Investigate 502s from git push with push rules on Staging, Master, Production
Several tests in the suite /qa/specs/features/ee/browser_ui/3_create/repository/push_rules_spec.rb
are failing with 502 (bad gateway) errors on Staging.
This only happens on Staging, not the other environments.
To quote @niskhakova investigation findings from the test failure ticket gitlab-org/gitlab#273007 (closed)
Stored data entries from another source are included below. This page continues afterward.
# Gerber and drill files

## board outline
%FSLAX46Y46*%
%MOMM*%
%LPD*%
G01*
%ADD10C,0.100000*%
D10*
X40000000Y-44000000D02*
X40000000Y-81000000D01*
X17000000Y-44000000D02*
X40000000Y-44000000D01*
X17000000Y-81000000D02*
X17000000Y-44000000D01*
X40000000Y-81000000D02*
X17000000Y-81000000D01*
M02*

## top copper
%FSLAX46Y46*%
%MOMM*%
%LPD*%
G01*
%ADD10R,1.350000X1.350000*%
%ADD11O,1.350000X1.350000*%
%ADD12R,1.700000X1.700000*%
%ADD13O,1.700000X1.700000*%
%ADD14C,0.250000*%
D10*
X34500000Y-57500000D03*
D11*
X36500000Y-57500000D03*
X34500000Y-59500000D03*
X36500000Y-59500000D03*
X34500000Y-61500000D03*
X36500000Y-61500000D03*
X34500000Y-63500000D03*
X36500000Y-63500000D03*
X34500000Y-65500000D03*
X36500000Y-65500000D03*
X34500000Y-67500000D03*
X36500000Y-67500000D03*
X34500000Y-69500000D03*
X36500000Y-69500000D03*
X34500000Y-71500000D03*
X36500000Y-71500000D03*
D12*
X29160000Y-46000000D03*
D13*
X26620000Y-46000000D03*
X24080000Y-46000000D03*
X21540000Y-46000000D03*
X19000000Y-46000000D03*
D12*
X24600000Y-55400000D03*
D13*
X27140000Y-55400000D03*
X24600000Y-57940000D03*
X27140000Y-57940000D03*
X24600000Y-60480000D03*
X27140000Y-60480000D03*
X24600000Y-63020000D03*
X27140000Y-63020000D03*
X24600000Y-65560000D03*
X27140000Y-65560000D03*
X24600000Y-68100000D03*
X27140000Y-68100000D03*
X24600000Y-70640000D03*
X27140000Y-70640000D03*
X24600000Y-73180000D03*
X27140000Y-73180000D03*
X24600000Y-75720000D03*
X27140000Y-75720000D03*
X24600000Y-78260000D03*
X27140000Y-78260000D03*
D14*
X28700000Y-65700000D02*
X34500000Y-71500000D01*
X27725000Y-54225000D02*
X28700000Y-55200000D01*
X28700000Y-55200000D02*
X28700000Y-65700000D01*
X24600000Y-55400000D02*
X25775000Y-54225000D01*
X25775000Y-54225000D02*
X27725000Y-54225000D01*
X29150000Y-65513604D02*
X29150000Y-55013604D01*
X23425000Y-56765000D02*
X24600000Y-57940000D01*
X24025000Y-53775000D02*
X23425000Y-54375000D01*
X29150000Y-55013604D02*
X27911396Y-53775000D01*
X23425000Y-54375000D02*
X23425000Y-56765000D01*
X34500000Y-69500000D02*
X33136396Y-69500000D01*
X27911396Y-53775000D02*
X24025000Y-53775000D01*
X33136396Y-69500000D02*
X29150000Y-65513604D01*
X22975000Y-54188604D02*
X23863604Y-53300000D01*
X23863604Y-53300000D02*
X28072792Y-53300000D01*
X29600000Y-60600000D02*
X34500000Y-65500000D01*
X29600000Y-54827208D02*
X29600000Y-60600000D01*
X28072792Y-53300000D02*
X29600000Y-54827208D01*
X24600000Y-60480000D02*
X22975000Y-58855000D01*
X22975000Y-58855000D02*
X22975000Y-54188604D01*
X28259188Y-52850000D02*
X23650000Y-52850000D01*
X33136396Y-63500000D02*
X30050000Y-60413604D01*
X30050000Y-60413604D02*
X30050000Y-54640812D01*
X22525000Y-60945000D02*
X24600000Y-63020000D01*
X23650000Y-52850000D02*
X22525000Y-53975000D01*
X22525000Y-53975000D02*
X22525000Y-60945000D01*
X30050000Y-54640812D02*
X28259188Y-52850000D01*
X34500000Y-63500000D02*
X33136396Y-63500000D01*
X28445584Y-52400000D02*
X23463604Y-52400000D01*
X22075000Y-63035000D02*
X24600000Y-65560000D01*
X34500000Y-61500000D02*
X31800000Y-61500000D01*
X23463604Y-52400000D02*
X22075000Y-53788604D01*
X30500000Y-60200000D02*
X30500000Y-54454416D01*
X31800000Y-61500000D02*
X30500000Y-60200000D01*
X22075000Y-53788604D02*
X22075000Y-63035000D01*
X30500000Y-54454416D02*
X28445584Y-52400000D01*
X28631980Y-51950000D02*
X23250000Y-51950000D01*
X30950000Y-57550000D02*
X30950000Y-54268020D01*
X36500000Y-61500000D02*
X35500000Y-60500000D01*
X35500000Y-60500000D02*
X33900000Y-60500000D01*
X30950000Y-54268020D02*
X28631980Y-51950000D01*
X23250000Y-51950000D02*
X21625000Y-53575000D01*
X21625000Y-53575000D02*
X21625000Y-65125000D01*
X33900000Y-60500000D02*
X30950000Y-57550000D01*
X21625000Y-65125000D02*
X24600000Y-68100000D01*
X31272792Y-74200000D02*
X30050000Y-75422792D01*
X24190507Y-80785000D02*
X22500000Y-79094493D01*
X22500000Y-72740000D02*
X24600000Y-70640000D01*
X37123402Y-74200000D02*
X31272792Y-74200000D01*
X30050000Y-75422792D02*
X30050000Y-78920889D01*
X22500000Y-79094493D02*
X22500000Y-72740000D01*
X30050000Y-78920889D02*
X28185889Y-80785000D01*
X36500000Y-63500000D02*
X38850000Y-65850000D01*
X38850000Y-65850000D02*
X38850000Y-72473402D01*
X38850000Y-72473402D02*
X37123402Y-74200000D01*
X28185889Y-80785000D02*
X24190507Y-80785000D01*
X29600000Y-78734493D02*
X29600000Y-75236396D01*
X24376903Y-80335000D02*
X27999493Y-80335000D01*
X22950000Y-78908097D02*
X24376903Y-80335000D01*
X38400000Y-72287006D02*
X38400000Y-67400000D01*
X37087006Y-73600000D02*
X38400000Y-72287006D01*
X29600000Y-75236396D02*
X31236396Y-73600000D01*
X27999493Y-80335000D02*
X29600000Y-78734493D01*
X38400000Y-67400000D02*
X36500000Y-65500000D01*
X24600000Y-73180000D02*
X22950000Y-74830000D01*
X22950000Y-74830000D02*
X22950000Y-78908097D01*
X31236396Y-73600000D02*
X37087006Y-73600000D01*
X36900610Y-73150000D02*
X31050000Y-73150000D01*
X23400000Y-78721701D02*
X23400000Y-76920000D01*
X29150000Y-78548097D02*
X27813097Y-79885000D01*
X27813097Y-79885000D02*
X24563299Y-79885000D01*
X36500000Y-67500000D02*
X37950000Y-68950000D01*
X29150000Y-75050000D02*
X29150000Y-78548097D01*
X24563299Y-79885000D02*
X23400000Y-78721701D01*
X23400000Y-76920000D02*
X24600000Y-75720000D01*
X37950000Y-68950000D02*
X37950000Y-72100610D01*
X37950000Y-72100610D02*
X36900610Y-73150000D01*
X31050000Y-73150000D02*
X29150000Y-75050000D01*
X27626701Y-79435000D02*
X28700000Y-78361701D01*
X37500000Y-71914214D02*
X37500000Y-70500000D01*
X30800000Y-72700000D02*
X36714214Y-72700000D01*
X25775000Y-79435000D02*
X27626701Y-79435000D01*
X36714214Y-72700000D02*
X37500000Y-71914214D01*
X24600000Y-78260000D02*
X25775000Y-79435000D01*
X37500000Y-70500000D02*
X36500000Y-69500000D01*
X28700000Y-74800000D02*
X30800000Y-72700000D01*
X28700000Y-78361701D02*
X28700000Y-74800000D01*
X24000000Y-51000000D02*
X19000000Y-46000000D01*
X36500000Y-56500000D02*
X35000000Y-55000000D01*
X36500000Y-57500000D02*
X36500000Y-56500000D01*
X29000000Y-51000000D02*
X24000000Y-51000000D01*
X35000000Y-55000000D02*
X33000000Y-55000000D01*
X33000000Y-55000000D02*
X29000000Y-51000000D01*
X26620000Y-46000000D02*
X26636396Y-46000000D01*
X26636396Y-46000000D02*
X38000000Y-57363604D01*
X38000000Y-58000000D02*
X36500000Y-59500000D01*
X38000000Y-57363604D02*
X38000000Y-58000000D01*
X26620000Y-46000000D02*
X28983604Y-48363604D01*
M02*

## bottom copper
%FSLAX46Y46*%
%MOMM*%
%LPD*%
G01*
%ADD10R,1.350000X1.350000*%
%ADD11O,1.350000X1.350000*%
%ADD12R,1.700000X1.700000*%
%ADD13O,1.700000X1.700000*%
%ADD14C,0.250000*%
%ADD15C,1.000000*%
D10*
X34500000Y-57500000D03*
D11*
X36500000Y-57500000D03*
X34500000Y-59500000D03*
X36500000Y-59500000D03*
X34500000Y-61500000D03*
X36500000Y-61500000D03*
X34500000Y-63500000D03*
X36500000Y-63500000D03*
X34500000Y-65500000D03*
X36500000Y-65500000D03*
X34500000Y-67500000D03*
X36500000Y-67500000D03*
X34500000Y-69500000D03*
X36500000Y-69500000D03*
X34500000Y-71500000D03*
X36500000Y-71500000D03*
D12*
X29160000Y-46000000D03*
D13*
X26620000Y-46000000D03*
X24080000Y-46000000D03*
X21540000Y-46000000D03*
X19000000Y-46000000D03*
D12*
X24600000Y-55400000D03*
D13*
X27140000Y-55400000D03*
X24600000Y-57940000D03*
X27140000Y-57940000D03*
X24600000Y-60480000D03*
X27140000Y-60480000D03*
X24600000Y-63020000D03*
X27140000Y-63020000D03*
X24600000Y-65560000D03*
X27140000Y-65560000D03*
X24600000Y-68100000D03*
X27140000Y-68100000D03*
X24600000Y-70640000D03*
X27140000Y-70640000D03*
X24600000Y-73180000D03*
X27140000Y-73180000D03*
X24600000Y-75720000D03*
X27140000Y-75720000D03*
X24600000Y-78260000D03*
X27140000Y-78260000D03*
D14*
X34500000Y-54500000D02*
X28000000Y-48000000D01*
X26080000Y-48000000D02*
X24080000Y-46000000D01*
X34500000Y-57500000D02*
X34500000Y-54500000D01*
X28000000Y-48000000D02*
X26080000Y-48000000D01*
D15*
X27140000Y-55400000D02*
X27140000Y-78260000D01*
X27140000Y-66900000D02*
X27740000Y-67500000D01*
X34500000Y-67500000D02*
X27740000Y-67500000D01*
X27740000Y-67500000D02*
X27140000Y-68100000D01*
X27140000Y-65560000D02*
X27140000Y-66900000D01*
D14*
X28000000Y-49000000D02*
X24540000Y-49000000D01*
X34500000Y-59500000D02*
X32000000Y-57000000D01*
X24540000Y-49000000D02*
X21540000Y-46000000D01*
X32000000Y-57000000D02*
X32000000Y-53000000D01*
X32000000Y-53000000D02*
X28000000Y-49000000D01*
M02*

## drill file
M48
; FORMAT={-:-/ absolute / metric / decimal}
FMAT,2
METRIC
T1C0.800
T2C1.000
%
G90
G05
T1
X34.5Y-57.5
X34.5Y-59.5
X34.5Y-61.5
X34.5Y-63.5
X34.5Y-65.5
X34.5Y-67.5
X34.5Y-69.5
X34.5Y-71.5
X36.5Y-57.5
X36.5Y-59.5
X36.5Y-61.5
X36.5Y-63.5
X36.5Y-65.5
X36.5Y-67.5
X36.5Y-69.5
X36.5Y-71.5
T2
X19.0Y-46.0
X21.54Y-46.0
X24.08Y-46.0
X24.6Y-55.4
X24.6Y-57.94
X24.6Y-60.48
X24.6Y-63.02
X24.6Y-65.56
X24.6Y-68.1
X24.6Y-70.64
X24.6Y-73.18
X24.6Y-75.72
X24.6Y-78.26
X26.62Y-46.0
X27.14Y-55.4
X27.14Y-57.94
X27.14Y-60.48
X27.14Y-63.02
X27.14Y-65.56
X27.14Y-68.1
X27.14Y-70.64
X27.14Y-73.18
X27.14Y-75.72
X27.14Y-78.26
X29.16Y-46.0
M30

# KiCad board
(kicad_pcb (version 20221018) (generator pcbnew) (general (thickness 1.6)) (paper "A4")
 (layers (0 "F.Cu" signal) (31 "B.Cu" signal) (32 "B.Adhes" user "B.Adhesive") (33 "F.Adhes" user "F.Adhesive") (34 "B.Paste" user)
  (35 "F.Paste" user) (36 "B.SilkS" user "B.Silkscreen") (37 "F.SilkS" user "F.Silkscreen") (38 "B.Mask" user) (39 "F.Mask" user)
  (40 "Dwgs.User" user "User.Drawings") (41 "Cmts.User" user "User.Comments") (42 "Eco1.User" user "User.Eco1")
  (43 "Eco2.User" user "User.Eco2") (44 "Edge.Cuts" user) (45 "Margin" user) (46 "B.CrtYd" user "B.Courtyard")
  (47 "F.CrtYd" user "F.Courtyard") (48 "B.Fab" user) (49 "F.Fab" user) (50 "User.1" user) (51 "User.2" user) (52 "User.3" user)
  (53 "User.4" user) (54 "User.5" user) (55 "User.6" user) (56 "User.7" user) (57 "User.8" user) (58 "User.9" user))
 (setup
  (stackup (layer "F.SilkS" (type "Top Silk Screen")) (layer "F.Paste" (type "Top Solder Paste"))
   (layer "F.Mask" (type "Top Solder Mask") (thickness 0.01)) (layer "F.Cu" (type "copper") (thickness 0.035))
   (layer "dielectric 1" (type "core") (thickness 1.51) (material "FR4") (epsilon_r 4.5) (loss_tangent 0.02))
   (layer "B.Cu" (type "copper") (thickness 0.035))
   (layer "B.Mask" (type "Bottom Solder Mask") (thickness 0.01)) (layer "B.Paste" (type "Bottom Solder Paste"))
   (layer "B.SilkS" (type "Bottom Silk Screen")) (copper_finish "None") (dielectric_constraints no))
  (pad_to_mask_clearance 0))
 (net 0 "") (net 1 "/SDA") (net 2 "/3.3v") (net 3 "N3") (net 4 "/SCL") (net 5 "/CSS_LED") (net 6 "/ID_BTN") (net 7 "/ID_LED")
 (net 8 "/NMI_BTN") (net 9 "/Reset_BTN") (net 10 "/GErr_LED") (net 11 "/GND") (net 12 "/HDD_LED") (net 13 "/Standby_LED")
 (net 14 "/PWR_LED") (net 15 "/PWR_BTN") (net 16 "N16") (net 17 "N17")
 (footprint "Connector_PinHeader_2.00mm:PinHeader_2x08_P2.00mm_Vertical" (layer "F.Cu") (at 34.5 57.5)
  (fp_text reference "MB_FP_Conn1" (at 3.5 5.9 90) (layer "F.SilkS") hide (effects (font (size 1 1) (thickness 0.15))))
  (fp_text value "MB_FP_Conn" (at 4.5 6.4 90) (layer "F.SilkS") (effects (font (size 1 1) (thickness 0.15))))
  (pad "1" thru_hole rect (at 0 0) (size 1.35 1.35) (drill 0.8) (layers "*.Cu" "*.Mask") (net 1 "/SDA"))
  (pad "2" thru_hole oval (at 2 0) (size 1.35 1.35) (drill 0.8) (layers "*.Cu" "*.Mask") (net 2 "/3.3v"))
  (pad "3" thru_hole oval (at 0 2) (size 1.35 1.35) (drill 0.8) (layers "*.Cu" "*.Mask") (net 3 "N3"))
  (pad "4" thru_hole oval (at 2 2) (size 1.35 1.35) (drill 0.8) (layers "*.Cu" "*.Mask") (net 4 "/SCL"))
  (pad "5" thru_hole oval (at 0 4) (size 1.35 1.35) (drill 0.8) (layers "*.Cu" "*.Mask") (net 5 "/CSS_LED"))
  (pad "6" thru_hole oval (at 2 4) (size 1.35 1.35) (drill 0.8) (layers "*.Cu" "*.Mask") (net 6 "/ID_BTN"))
  (pad "7" thru_hole oval (at 0 6) (size 1.35 1.35) (drill 0.8) (layers "*.Cu" "*.Mask") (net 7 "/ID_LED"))
  (pad "8" thru_hole oval (at 2 6) (size 1.35 1.35) (drill 0.8) (layers "*.Cu" "*.Mask") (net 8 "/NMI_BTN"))
  (pad "9" thru_hole oval (at 0 8) (size 1.35 1.35) (drill 0.8) (layers "*.Cu" "*.Mask") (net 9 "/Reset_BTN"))
  (pad "10" thru_hole oval (at 2 8) (size 1.35 1.35) (drill 0.8) (layers "*.Cu" "*.Mask") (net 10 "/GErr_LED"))
  (pad "11" thru_hole oval (at 0 10) (size 1.35 1.35) (drill 0.8) (layers "*.Cu" "*.Mask") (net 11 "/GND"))
  (pad "12" thru_hole oval (at 2 10) (size 1.35 1.35) (drill 0.8) (layers "*.Cu" "*.Mask") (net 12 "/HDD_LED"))
  (pad "13" thru_hole oval (at 0 12) (size 1.35 1.35) (drill 0.8) (layers "*.Cu" "*.Mask") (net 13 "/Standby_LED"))
  (pad "14" thru_hole oval (at 2 12) (size 1.35 1.35) (drill 0.8) (layers "*.Cu" "*.Mask") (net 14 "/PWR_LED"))
  (pad "15" thru_hole oval (at 0 14) (size 1.35 1.35) (drill 0.8) (layers "*.Cu" "*.Mask") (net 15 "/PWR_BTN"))
  (pad "16" thru_hole oval (at 2 14) (size 1.35 1.35) (drill 0.8) (layers "*.Cu" "*.Mask") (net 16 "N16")))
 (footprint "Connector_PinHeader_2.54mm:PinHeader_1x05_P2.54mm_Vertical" (layer "F.Cu") (at 29.16 46 -90)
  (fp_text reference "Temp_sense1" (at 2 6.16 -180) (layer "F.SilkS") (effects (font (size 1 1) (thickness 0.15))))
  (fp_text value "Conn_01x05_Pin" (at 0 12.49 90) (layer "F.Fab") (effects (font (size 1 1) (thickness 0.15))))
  (pad "1" thru_hole rect (at 0 0 270) (size 1.7 1.7) (drill 1) (layers "*.Cu" "*.Mask") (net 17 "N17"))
- User tries to push commit to the branch on the project with push rules enabled
- The request is failing like this:
Enumerating objects: 4, done.
Counting objects: 100% (4/4), done.
Delta compression using up to 16 threads
Compressing objects: 100% (2/2), done.
Writing objects: 100% (3/3), 934 bytes | 934.00 KiB/s, done.
Total 3 (delta 0), reused 0 (delta 0), pack-reused 0
remote: GitLab: Internal API error (502)
To https://staging.gitlab.com/gitlab-qa-sandbox-group/qa-test-2020-10-30-15-41-17-95733ab4cb6919d6/push_rules-a408d4f04c4953b1.git
! [remote rejected] master-test -> master-test (pre-receive hook declined)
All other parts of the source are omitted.